Task requirements:
A verbatim reproduction of the lines below, from the line containing "X139717281Y-123708500D01*" through the line containing "X140476783Y-123467731D01*", both ends included, is the whole required output.

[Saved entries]
::::::::
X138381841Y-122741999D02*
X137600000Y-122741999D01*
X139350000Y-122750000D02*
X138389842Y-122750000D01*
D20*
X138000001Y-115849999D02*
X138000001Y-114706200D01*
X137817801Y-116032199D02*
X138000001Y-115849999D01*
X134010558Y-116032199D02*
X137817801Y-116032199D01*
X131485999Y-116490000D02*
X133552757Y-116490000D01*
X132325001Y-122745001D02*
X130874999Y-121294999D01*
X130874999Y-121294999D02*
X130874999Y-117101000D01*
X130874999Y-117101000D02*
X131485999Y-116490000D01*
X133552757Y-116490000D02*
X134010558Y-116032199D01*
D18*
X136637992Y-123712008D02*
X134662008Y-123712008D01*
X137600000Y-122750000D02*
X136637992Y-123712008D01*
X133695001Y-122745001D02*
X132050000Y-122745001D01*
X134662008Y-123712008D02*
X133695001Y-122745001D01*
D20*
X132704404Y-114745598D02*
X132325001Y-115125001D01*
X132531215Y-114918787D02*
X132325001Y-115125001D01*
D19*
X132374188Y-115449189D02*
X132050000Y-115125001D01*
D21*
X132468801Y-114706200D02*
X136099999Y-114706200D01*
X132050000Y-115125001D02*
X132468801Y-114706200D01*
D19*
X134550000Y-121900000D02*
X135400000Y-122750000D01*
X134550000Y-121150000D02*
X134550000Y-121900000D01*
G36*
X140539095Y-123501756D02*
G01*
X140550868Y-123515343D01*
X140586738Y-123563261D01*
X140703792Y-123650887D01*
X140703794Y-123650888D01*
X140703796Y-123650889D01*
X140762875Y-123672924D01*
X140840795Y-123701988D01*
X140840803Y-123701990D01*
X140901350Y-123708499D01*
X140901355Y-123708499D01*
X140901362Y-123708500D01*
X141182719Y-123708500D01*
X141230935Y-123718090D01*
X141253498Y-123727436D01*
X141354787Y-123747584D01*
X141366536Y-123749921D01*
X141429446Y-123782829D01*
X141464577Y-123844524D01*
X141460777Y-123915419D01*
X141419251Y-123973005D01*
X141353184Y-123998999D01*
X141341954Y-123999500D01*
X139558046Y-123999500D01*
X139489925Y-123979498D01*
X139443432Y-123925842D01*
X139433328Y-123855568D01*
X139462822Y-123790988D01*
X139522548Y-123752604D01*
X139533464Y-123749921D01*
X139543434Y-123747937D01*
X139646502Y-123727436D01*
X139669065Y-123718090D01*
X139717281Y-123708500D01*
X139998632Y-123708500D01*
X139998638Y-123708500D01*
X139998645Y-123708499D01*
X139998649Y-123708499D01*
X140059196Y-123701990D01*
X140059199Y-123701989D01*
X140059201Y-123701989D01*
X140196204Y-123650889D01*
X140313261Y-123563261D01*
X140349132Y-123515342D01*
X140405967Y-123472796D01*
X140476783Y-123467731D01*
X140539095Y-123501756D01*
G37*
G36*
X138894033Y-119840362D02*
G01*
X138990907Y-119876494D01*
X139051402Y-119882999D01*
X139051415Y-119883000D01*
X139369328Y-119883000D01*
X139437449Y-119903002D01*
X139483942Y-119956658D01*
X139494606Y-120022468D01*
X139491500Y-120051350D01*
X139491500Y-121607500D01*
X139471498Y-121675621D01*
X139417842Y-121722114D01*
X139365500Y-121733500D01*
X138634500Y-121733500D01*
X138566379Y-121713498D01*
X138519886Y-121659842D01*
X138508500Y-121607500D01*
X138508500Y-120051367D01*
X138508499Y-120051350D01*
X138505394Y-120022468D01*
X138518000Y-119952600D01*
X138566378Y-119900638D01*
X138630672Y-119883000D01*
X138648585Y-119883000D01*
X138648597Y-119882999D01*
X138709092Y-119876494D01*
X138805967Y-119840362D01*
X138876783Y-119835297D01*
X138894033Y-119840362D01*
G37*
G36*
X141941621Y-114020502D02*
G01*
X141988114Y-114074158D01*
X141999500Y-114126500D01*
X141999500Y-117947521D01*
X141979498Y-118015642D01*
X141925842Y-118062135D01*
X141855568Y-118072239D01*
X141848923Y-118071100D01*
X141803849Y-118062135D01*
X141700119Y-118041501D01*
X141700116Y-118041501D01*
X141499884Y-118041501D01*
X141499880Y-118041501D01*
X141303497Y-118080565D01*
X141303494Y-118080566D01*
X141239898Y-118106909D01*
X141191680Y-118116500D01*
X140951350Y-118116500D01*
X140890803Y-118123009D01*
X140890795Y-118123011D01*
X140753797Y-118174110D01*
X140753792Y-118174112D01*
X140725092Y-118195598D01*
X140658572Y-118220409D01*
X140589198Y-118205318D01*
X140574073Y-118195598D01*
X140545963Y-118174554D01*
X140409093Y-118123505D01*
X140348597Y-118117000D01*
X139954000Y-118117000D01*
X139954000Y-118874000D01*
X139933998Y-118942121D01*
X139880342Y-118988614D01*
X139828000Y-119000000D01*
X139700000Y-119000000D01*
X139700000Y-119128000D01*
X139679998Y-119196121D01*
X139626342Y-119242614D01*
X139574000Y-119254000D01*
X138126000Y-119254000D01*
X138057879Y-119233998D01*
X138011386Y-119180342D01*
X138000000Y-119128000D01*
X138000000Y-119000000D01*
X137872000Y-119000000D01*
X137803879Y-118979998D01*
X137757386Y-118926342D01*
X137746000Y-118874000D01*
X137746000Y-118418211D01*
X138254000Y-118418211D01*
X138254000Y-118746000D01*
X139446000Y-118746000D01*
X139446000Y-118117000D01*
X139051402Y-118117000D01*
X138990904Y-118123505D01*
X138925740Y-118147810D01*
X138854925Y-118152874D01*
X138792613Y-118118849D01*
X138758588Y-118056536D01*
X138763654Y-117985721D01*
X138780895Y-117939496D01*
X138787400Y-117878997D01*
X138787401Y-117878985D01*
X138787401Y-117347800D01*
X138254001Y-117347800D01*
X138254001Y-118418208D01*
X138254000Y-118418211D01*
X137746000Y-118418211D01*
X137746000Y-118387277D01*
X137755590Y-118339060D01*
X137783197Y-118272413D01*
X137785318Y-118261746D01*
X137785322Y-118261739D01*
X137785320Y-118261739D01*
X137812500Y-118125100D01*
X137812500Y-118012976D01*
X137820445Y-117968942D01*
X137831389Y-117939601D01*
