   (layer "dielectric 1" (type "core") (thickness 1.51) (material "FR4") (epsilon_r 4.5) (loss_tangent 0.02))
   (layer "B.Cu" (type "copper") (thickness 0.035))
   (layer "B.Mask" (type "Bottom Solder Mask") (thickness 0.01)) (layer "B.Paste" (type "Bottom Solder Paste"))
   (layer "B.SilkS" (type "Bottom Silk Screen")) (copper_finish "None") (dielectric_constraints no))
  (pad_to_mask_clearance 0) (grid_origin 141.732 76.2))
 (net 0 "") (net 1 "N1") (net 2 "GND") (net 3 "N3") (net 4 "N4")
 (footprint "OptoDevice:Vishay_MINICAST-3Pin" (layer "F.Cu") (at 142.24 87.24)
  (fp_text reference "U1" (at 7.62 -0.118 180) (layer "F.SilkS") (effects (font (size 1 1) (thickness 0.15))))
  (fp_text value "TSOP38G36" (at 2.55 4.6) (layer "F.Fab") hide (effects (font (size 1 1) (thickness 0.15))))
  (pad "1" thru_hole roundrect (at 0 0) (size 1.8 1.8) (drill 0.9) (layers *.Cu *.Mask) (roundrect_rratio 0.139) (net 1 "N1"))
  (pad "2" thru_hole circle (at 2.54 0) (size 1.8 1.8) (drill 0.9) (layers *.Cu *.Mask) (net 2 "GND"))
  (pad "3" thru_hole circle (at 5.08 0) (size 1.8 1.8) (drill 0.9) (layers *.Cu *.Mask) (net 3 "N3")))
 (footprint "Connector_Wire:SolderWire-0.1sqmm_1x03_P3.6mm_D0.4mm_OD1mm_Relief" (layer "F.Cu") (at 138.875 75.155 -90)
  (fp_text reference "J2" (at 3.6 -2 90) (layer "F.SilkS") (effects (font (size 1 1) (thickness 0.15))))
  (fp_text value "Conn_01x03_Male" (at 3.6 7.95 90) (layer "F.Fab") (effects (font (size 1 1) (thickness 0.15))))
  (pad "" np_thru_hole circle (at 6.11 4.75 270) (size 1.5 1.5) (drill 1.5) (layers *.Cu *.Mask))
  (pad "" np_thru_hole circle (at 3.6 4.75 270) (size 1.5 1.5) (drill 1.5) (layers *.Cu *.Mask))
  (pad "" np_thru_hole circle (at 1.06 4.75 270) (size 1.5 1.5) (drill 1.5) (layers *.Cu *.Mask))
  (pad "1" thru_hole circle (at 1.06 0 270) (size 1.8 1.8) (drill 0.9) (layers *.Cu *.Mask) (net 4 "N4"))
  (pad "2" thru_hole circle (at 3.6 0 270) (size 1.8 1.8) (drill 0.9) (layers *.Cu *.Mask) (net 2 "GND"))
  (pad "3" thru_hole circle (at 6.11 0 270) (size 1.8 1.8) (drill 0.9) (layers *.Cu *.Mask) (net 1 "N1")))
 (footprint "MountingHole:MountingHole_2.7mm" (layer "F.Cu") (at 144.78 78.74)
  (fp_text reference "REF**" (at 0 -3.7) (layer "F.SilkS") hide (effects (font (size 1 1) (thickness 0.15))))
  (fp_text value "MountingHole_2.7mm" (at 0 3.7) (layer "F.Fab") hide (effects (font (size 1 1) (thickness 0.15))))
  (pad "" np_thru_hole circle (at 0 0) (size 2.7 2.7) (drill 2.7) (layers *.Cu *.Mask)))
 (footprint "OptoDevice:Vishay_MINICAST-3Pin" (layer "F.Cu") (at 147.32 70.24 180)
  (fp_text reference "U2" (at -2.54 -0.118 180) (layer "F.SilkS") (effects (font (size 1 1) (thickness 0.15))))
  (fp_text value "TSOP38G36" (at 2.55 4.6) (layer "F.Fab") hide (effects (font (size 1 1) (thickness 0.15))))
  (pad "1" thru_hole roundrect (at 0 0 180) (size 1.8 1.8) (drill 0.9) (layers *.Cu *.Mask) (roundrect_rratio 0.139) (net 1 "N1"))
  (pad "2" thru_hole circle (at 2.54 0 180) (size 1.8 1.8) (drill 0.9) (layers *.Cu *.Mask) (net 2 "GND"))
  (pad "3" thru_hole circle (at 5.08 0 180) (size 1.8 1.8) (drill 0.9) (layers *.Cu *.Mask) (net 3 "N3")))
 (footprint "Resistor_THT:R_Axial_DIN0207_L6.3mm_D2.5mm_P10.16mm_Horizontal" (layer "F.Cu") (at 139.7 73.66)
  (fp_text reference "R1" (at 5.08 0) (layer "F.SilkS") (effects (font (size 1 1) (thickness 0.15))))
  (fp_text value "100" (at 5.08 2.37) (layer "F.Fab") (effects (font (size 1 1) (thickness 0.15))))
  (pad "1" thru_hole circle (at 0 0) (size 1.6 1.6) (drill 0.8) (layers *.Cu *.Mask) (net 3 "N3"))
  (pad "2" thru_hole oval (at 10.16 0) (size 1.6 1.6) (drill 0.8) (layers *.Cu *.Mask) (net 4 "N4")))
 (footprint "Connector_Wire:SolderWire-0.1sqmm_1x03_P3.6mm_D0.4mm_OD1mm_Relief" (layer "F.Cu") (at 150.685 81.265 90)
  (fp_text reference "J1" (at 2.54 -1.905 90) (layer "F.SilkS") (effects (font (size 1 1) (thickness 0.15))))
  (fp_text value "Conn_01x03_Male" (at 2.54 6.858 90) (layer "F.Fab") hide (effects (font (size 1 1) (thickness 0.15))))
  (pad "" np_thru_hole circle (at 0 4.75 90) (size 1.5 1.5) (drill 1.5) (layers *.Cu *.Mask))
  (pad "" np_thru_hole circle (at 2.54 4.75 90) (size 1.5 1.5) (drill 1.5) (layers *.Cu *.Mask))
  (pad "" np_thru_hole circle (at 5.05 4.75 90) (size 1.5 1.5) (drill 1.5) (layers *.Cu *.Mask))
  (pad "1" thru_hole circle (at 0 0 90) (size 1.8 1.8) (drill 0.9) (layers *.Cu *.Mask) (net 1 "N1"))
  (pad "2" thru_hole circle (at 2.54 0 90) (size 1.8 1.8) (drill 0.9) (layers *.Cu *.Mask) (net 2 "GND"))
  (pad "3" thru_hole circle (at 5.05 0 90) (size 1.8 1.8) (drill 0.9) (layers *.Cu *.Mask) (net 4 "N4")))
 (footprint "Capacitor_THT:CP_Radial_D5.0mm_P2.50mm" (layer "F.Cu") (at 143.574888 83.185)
::::::::
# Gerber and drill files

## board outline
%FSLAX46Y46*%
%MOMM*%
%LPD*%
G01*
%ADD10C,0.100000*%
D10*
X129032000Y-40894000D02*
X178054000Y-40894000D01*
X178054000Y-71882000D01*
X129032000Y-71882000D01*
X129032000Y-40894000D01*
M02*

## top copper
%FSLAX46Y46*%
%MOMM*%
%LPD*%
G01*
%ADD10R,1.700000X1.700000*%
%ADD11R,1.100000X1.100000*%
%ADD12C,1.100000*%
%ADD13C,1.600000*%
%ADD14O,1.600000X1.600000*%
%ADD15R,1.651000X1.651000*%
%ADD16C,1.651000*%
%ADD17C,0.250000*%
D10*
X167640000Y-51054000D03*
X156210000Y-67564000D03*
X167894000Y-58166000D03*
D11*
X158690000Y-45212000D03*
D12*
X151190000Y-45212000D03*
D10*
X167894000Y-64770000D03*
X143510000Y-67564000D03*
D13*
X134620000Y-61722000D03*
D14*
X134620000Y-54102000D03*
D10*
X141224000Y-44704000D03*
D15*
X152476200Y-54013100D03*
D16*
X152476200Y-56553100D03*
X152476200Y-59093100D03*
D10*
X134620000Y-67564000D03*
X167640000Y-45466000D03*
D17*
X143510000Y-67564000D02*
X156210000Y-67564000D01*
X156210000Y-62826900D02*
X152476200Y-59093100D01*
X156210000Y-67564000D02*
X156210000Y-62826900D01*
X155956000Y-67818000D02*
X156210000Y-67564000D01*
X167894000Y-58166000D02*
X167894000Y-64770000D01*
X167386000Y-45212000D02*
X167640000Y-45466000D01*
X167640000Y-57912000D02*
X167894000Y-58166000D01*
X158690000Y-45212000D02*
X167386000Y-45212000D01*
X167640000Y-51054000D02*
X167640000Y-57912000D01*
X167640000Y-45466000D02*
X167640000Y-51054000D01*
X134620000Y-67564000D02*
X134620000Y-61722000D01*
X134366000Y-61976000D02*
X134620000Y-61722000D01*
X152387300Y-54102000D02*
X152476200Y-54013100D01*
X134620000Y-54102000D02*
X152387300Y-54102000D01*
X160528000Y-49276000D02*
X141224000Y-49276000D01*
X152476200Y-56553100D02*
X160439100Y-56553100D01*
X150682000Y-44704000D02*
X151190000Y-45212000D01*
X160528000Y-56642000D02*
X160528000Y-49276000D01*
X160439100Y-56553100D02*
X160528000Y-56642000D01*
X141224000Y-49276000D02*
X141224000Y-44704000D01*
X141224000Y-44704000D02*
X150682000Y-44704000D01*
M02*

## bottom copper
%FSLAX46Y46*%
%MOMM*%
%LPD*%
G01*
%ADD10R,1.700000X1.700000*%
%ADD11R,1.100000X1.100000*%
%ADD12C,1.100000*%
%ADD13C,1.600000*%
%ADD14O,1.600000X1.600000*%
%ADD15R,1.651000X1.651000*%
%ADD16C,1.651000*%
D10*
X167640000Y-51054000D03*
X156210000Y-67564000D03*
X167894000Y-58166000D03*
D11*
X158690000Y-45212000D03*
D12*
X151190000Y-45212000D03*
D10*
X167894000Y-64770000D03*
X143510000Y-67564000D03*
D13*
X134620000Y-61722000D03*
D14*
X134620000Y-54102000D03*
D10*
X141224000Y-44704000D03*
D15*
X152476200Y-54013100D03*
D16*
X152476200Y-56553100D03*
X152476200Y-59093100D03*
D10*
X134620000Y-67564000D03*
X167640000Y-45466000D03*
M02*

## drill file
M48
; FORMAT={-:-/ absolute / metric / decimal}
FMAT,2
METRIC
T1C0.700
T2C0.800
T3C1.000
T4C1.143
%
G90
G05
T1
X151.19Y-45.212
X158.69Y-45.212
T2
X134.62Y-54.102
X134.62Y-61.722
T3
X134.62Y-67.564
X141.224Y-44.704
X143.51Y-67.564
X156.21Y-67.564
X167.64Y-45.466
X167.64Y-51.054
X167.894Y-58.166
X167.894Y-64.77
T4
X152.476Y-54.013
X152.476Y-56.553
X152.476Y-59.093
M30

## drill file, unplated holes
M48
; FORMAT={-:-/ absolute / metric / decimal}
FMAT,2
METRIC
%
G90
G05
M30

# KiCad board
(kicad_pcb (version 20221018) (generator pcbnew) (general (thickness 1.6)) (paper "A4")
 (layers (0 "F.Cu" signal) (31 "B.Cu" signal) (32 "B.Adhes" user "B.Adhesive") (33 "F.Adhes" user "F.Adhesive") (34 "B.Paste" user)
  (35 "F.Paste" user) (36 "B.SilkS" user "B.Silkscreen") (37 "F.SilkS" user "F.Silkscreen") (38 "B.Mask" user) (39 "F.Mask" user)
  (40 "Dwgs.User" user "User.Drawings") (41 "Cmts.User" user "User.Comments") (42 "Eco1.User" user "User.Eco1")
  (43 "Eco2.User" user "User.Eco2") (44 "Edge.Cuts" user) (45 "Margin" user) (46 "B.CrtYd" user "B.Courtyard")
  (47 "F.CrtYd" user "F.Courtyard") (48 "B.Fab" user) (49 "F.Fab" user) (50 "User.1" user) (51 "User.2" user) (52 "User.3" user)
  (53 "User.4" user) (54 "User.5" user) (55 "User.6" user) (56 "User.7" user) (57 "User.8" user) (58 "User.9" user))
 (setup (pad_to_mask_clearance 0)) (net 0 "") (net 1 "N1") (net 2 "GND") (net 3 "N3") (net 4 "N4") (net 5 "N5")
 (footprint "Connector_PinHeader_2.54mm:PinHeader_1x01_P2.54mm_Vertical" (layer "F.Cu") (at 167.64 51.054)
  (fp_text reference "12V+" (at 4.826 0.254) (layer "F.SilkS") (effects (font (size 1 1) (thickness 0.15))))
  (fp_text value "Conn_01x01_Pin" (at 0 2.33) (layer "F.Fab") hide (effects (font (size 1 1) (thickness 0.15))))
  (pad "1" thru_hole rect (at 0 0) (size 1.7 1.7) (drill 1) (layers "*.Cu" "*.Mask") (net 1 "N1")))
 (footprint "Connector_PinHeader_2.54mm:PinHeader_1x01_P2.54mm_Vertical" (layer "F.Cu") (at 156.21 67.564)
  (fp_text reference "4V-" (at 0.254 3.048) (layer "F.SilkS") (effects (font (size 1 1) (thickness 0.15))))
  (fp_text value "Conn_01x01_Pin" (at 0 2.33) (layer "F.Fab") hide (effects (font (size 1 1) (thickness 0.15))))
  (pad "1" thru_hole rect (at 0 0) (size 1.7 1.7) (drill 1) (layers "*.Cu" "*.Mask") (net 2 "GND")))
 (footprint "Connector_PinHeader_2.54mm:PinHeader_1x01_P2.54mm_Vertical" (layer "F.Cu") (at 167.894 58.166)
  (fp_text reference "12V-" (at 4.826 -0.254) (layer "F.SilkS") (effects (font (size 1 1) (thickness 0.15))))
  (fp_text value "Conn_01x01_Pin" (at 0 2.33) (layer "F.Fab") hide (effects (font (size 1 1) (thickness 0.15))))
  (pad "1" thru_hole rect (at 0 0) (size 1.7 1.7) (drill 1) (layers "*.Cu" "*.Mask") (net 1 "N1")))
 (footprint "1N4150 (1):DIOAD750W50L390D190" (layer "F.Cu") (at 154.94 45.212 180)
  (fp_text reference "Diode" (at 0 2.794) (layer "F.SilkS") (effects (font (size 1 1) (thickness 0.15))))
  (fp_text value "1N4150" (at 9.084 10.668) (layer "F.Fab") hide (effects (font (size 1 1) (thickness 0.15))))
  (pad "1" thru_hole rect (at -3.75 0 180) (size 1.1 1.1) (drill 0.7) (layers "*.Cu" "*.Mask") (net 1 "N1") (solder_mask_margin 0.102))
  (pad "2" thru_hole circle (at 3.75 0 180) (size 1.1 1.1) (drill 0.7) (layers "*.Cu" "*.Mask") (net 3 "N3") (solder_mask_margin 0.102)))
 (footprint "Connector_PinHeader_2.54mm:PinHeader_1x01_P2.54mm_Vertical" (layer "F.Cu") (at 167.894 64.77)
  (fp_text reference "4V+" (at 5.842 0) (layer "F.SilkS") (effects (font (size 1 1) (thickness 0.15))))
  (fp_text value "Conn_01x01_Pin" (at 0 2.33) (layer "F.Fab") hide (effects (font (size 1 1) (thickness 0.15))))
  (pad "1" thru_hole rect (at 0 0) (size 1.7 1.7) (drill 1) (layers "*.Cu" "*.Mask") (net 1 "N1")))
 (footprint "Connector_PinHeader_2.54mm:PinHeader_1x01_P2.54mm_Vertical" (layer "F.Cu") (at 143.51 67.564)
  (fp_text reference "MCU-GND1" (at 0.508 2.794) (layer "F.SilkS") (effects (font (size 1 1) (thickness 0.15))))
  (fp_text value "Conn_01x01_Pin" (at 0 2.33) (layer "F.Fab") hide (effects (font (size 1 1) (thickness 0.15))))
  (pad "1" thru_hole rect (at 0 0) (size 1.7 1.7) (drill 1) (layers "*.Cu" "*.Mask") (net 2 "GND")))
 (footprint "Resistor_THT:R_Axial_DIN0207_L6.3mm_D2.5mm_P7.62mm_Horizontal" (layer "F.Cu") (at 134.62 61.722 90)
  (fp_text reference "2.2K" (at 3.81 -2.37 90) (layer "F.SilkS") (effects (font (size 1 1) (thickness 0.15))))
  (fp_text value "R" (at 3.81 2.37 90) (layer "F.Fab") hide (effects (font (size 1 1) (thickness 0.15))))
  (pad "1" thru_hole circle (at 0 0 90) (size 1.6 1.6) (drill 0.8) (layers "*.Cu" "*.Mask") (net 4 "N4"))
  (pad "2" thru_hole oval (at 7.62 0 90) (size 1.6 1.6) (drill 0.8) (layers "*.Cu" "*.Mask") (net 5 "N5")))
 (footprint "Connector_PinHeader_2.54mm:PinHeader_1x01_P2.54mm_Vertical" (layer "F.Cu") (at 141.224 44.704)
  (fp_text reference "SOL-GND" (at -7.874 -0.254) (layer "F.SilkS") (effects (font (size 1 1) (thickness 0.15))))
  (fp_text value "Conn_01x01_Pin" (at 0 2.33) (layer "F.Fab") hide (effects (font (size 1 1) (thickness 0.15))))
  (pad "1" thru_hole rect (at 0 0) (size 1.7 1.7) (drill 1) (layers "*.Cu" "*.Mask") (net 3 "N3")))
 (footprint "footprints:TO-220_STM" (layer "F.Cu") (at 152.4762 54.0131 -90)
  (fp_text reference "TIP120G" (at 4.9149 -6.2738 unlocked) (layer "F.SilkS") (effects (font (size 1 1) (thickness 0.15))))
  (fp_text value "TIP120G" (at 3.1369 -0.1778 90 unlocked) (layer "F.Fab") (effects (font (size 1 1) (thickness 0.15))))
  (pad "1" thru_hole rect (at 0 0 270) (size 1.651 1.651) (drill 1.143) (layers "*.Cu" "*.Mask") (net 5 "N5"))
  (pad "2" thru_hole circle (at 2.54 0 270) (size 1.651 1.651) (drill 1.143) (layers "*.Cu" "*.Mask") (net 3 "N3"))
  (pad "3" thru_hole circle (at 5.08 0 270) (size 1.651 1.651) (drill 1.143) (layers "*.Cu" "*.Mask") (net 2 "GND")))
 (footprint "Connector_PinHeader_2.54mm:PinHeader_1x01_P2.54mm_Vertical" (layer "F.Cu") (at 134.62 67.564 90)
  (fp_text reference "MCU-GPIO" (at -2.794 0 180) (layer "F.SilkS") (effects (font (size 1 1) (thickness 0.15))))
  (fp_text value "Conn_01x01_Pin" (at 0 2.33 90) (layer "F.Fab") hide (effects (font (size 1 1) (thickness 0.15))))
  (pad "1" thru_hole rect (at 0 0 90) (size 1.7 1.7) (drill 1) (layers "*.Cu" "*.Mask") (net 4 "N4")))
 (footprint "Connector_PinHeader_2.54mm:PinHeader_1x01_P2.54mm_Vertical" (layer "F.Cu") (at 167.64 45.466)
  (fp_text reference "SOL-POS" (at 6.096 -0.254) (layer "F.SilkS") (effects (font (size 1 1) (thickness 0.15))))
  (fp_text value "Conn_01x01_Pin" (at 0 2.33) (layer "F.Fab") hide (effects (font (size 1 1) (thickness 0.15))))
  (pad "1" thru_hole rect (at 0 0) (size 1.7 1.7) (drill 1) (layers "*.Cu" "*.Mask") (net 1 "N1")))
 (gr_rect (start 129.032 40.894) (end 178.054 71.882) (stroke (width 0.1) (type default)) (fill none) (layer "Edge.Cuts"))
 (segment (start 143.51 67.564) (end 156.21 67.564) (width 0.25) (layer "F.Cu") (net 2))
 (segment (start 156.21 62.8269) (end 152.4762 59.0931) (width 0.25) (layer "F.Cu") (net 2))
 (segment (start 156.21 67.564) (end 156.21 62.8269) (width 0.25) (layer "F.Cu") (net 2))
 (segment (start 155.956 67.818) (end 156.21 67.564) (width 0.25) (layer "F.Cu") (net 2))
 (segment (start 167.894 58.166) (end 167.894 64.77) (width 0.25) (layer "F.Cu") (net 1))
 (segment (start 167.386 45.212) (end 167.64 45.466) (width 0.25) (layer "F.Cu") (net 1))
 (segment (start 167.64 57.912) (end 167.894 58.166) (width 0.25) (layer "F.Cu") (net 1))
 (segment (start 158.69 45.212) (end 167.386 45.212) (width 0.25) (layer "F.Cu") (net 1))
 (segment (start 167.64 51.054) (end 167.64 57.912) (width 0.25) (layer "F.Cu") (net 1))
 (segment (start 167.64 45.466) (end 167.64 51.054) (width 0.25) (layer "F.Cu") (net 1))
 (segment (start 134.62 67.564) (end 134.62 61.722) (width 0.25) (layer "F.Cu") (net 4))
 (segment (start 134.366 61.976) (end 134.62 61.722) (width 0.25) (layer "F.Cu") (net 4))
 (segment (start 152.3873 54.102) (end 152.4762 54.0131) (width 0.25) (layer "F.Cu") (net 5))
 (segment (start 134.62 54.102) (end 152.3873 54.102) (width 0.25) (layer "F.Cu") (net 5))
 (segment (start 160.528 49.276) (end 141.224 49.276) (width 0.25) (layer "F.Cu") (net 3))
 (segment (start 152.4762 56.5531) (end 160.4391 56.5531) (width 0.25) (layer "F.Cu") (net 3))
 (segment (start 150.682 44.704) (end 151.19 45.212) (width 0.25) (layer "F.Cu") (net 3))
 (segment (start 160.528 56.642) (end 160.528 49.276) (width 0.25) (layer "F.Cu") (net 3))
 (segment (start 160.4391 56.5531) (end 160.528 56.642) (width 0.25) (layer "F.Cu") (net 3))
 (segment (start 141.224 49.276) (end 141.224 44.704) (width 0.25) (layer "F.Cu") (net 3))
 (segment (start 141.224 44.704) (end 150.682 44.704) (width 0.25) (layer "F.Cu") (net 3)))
::::::::
Output of the task:
X139717281Y-123708500D01*
X139998632Y-123708500D01*
X139998638Y-123708500D01*
X139998645Y-123708499D01*
X139998649Y-123708499D01*
X140059196Y-123701990D01*
X140059199Y-123701989D01*
X140059201Y-123701989D01*
X140196204Y-123650889D01*
X140313261Y-123563261D01*
X140349132Y-123515342D01*
X140405967Y-123472796D01*
X140476783Y-123467731D01*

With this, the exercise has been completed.